Peu après, le Conseil démocratique syrien avait indiqué qu'il était prêt à engager "des pourparlers sans conditions" avec le régime. Mi-juillet, il a dit étudier la création d'une entité pour représenter les territoires autonomes kurdes dans cette optique et a rencontré des membres de l'opposition tolérée par Damas.

- Hostilité turque -

Dans le nord et nord-est, aux frontières avec la Turquie et l'Irak, la communauté kurde contrôle de vastes pans de territoires à cheval sur les provinces de Raqa et Alep, mais aussi Deir Ezzor et Hassaké. D'importants champs pétroliers s'y trouvent.

En 2016, ils ont proclamé une "région fédérale", une administration qui gère les territoires sous contrôle des Kurdes qui représentent 15% de la population.

La milice kurde des Unités de protection du Peuple (YPG), constitue la colonne vertébrale des FDS qui ont chassé en 2017, avec l'appui des Etats-Unis, l'EI de la ville de Raqa, "capitale" en Syrie du groupe jihadiste.

Le voisin turc, hostile aux factions kurdes, a poussé les YPG à évacuer la ville de Minbej, près de la frontière turque, après avoir menacé de la prendre d'assaut.

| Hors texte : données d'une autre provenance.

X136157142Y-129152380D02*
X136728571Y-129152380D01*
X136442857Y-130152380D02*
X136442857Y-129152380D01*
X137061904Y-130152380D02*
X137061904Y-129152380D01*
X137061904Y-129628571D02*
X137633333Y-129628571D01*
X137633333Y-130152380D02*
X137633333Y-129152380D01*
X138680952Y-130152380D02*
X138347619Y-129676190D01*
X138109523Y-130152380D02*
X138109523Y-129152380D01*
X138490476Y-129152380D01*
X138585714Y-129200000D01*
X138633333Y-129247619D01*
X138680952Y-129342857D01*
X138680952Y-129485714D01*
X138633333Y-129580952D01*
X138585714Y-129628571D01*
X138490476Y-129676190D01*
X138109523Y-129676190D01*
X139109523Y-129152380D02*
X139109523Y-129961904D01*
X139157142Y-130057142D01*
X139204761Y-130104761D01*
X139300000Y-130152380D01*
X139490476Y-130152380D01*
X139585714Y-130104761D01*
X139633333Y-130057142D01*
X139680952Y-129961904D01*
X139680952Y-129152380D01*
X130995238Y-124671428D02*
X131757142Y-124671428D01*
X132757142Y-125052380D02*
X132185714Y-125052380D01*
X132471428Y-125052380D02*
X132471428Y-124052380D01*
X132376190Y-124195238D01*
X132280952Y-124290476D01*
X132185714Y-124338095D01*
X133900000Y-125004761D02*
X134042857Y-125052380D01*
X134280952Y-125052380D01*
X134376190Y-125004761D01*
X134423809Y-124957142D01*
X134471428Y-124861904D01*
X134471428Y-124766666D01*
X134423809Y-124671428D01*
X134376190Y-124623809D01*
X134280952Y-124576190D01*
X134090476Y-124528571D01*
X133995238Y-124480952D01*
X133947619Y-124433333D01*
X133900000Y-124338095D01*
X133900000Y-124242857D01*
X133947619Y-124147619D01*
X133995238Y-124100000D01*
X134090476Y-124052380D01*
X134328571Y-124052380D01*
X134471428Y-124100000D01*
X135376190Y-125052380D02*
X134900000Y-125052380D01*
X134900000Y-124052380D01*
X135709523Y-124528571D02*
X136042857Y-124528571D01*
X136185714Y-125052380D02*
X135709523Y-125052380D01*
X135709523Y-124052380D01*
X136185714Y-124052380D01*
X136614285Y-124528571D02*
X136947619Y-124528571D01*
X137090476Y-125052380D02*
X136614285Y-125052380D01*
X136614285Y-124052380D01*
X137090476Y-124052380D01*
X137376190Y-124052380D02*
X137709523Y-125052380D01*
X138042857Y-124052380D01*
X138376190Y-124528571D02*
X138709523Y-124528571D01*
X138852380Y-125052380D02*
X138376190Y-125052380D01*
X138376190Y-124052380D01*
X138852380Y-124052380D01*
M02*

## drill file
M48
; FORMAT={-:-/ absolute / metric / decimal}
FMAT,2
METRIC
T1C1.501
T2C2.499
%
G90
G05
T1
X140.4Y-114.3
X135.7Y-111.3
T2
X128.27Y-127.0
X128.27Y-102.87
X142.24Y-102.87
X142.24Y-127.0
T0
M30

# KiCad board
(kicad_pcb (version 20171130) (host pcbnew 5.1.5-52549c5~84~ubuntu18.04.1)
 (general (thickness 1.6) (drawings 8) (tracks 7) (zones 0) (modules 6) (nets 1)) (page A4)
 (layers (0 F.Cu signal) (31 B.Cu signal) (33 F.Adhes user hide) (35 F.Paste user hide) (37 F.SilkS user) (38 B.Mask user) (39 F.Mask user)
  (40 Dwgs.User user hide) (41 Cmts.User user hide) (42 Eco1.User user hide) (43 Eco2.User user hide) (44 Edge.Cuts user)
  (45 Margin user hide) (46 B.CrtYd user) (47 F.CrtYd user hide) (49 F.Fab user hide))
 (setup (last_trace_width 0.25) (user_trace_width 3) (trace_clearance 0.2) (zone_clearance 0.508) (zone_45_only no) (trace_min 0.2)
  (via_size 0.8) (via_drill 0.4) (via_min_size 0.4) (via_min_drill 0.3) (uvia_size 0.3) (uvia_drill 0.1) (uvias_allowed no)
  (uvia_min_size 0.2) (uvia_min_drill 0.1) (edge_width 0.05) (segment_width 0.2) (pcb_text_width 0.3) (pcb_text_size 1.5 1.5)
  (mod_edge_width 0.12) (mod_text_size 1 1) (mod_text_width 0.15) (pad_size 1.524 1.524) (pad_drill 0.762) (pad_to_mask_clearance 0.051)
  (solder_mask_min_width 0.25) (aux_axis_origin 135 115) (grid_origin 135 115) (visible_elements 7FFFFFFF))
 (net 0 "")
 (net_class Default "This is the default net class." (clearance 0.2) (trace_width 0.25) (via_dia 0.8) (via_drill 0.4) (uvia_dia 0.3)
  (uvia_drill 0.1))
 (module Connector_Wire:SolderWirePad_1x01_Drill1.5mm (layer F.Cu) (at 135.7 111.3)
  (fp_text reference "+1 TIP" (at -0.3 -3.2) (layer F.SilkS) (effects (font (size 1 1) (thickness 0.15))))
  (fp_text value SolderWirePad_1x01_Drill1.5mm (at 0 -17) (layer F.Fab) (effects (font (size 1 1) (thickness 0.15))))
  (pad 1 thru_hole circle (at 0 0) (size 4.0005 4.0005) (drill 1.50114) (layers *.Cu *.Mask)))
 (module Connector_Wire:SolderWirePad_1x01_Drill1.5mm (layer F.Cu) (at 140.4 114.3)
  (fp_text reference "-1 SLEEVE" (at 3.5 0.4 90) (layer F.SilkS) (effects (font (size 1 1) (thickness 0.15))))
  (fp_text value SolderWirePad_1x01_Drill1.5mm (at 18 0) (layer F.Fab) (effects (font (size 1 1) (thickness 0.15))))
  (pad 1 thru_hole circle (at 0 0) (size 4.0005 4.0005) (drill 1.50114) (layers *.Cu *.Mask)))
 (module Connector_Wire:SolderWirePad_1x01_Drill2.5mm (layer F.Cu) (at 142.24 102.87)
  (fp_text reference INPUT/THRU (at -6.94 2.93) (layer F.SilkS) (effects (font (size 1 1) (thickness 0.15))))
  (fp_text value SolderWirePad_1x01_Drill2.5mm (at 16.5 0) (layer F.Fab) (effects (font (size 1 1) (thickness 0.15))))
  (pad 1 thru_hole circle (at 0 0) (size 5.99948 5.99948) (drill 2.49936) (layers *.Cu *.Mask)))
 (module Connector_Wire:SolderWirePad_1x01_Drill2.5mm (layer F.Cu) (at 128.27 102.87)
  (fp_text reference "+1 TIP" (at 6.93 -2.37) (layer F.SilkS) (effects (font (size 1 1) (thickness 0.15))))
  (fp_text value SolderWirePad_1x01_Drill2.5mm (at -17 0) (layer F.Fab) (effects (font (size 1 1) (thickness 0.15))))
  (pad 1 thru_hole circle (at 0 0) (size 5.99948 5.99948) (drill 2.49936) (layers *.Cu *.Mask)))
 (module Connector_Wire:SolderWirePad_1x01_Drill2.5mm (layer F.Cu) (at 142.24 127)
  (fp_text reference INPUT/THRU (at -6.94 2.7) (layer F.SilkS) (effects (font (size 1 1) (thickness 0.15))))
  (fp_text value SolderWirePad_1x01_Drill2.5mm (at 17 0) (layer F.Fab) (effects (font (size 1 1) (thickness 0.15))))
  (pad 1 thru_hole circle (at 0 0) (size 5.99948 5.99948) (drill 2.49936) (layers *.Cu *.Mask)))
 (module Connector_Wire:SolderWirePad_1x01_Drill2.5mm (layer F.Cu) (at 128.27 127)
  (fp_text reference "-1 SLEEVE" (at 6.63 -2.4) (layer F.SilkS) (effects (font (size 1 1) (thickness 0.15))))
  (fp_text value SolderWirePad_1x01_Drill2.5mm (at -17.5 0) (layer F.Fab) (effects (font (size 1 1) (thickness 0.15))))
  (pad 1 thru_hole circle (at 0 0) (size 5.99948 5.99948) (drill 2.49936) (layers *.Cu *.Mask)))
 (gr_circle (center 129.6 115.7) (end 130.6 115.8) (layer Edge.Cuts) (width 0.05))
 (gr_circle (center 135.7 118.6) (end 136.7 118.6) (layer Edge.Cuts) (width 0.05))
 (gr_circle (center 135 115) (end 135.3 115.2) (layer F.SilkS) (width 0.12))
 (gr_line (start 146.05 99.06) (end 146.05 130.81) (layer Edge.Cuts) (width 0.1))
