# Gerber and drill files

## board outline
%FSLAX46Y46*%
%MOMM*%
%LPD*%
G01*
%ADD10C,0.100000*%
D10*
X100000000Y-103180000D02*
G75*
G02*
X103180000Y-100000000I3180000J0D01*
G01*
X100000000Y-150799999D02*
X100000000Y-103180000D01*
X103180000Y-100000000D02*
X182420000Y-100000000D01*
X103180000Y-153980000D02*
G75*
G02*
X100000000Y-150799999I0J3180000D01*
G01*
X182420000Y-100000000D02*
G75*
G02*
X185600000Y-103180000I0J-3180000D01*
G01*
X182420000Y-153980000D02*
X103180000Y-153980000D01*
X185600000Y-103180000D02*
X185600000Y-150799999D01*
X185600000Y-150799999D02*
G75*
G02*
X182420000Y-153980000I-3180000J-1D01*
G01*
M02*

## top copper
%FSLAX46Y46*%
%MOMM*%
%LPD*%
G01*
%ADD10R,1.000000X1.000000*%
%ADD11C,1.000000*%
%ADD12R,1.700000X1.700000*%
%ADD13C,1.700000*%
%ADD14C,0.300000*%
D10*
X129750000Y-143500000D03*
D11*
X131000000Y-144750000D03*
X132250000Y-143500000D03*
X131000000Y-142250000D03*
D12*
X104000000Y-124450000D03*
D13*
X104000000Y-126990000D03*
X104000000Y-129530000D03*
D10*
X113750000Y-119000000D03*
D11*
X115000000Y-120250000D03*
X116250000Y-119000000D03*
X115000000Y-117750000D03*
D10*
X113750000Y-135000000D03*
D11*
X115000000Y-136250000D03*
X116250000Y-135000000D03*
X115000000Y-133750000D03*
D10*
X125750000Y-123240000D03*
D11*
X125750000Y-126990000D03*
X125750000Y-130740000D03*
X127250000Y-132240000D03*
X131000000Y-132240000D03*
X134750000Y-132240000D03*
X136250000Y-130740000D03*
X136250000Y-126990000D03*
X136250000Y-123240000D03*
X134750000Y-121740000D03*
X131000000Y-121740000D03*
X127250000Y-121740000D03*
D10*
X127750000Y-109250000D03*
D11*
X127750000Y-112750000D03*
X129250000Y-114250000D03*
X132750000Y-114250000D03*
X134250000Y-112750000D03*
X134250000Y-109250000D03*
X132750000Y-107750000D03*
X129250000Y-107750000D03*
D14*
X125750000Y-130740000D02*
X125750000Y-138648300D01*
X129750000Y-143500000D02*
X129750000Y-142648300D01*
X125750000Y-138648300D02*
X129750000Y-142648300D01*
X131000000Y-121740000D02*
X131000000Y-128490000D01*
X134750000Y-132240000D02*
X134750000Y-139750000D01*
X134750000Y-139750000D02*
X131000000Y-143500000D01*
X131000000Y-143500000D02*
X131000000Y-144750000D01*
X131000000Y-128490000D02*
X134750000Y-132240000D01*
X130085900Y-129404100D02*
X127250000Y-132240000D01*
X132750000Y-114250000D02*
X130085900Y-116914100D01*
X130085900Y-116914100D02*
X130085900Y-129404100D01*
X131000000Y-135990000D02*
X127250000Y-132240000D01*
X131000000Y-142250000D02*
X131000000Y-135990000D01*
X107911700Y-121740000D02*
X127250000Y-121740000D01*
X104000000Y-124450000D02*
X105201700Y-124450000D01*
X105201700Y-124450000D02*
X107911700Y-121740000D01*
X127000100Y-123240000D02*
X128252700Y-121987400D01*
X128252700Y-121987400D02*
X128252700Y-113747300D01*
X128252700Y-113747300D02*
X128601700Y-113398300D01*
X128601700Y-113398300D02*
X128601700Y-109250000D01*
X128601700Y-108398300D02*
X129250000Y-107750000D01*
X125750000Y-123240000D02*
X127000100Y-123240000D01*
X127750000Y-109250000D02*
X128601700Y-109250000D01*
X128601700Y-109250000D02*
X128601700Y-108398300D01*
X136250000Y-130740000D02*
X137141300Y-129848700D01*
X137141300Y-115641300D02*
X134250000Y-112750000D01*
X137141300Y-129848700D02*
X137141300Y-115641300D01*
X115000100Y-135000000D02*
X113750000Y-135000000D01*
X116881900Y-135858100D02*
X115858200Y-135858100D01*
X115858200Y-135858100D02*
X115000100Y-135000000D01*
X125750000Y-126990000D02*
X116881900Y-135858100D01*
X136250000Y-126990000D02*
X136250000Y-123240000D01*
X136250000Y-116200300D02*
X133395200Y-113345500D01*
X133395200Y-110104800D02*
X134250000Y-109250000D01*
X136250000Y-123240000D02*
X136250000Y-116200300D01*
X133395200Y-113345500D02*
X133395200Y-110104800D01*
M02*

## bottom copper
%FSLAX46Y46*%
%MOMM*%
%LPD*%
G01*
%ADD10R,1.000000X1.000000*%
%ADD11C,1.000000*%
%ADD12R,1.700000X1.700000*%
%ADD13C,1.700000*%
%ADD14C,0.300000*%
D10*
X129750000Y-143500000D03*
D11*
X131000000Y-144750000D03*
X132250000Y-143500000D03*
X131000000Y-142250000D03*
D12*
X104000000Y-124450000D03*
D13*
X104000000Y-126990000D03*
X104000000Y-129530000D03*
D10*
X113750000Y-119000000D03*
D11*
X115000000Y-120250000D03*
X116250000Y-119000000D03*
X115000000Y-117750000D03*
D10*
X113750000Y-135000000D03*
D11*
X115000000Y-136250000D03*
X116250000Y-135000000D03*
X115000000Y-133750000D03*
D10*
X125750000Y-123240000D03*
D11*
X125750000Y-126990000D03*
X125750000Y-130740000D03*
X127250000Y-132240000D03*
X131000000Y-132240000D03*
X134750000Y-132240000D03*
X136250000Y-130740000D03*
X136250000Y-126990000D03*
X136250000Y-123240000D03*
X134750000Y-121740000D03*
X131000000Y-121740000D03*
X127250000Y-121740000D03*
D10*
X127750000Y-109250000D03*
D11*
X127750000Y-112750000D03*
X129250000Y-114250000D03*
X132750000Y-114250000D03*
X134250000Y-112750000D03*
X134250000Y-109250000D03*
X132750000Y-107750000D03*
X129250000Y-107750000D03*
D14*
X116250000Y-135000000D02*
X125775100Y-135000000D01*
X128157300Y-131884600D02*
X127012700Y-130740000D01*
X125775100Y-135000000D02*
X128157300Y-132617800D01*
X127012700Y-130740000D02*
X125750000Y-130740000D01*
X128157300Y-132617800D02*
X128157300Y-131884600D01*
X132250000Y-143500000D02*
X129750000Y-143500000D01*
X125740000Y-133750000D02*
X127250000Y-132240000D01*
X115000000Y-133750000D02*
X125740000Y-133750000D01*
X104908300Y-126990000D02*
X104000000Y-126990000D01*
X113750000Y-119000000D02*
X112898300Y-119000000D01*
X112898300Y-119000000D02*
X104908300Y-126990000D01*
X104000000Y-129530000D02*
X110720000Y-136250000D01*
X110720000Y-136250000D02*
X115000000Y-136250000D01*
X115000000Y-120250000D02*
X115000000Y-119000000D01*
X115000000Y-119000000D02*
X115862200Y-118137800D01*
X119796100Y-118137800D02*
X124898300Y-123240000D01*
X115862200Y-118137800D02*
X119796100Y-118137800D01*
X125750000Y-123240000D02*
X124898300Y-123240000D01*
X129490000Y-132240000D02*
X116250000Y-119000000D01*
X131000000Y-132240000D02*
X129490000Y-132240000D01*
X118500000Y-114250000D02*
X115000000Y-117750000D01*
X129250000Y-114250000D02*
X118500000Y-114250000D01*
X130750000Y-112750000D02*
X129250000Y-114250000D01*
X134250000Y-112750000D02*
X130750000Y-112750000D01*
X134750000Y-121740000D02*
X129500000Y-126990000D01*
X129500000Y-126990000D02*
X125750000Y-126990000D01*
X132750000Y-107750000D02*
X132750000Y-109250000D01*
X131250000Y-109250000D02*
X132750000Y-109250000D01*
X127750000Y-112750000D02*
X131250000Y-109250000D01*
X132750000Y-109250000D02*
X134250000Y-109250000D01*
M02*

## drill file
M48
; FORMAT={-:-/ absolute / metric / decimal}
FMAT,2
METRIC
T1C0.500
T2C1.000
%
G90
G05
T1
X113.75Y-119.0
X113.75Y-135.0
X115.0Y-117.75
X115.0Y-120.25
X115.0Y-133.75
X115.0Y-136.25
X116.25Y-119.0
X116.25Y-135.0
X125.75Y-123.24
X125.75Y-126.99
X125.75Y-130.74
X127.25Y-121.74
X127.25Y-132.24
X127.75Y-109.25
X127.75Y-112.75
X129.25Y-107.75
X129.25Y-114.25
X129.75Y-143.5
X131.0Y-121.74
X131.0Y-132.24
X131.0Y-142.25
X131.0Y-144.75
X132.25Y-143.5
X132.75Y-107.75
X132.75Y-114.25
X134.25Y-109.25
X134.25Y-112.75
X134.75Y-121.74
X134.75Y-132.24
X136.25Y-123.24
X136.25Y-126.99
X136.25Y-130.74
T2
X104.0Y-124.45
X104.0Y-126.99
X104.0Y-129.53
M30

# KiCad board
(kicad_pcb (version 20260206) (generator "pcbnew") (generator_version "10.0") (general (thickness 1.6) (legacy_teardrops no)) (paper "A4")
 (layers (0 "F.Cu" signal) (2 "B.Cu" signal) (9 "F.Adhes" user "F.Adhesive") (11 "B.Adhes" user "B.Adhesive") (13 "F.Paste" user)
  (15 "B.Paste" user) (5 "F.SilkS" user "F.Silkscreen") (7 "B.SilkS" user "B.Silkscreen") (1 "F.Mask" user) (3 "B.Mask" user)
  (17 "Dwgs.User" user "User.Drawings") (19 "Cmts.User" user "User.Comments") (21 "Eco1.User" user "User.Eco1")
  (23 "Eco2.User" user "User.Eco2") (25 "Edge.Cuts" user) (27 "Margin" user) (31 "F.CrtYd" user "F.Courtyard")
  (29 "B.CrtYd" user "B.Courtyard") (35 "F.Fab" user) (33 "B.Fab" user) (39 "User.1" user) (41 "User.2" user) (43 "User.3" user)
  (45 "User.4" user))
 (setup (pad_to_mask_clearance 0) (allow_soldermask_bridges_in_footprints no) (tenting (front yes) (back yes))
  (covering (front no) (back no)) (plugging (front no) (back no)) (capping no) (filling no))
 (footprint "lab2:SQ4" (layer "F.Cu") (at 131 143.5)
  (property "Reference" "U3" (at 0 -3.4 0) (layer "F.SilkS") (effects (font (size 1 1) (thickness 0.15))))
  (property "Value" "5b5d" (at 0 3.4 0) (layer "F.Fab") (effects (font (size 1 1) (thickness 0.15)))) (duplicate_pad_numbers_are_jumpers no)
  (pad "1" thru_hole rect (at -1.25 0) (size 1 1) (drill 0.5) (layers "*.Cu" "*.Mask") (remove_unused_layers no) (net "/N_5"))
  (pad "2" thru_hole circle (at 0 1.25) (size 1 1) (drill 0.5) (layers "*.Cu" "*.Mask") (remove_unused_layers no) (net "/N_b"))
  (pad "3" thru_hole circle (at 1.25 0) (size 1 1) (drill 0.5) (layers "*.Cu" "*.Mask") (remove_unused_layers no) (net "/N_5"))
  (pad "4" thru_hole circle (at 0 -1.25) (size 1 1) (drill 0.5) (layers "*.Cu" "*.Mask") (remove_unused_layers no) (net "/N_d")))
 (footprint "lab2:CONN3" (layer "F.Cu") (at 104 126.99)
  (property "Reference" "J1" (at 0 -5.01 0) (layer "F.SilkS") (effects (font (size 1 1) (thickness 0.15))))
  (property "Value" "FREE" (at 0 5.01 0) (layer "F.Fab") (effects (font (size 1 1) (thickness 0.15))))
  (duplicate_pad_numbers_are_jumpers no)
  (pad "1" thru_hole rect (at 0 -2.54) (size 1.7 1.7) (drill 1) (layers "*.Cu" "*.Mask") (remove_unused_layers no) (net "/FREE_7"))
  (pad "2" thru_hole circle (at 0 0) (size 1.7 1.7) (drill 1) (layers "*.Cu" "*.Mask") (remove_unused_layers no) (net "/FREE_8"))
  (pad "3" thru_hole circle (at 0 2.54) (size 1.7 1.7) (drill 1) (layers "*.Cu" "*.Mask") (remove_unused_layers no) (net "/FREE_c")))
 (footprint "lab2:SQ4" (layer "F.Cu") (at 115 119)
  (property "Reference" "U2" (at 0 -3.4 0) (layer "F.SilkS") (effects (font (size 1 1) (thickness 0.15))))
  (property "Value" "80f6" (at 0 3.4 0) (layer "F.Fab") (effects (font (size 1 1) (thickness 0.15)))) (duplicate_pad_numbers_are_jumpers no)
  (pad "1" thru_hole rect (at -1.25 0) (size 1 1) (drill 0.5) (layers "*.Cu" "*.Mask") (remove_unused_layers no) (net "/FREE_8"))
  (pad "2" thru_hole circle (at 0 1.25) (size 1 1) (drill 0.5) (layers "*.Cu" "*.Mask") (remove_unused_layers no) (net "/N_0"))
  (pad "3" thru_hole circle (at 1.25 0) (size 1 1) (drill 0.5) (layers "*.Cu" "*.Mask") (remove_unused_layers no) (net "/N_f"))
  (pad "4" thru_hole circle (at 0 -1.25) (size 1 1) (drill 0.5) (layers "*.Cu" "*.Mask") (remove_unused_layers no) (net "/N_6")))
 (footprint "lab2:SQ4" (layer "F.Cu") (at 115 135)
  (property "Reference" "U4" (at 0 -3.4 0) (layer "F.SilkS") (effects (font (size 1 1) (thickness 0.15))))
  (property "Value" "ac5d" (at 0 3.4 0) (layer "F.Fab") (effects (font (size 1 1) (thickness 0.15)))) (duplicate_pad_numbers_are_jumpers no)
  (pad "1" thru_hole rect (at -1.25 0) (size 1 1) (drill 0.5) (layers "*.Cu" "*.Mask") (remove_unused_layers no) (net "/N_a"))
  (pad "2" thru_hole circle (at 0 1.25) (size 1 1) (drill 0.5) (layers "*.Cu" "*.Mask") (remove_unused_layers no) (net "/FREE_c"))
  (pad "3" thru_hole circle (at 1.25 0) (size 1 1) (drill 0.5) (layers "*.Cu" "*.Mask") (remove_unused_layers no) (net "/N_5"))
  (pad "4" thru_hole circle (at 0 -1.25) (size 1 1) (drill 0.5) (layers "*.Cu" "*.Mask") (remove_unused_layers no) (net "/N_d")))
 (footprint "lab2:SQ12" (layer "F.Cu") (at 131 126.99)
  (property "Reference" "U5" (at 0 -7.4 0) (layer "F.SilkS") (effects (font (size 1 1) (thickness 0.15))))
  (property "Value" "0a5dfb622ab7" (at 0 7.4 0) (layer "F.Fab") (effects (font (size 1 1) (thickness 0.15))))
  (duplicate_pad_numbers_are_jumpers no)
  (pad "1" thru_hole rect (at -5.25 -3.75) (size 1 1) (drill 0.5) (layers "*.Cu" "*.Mask") (remove_unused_layers no) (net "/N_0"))
  (pad "2" thru_hole circle (at -5.25 0) (size 1 1) (drill 0.5) (layers "*.Cu" "*.Mask") (remove_unused_layers no) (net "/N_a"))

En mars déjà, l'armée turque et des supplétifs syriens avaient conquis l'enclave kurde d'Afrine (nord-ouest).

Avec l'appui de l'aviation de la coalition internationale, les FDS luttent toujours contre une poche de l'EI dans la province de Deir Ezzor.

Le conflit en Syrie s'est complexifié au fil des ans avec l'implication de pays étrangers et de groupes jihadistes, sur un territoire de plus en plus morcelé. Il a fait plus de 350.000 morts et poussé à la fuite des millions de personnes.

Les informations ci-dessus de l'AFP n'engagent pas la responsabilité de l'Institut kurde de Paris.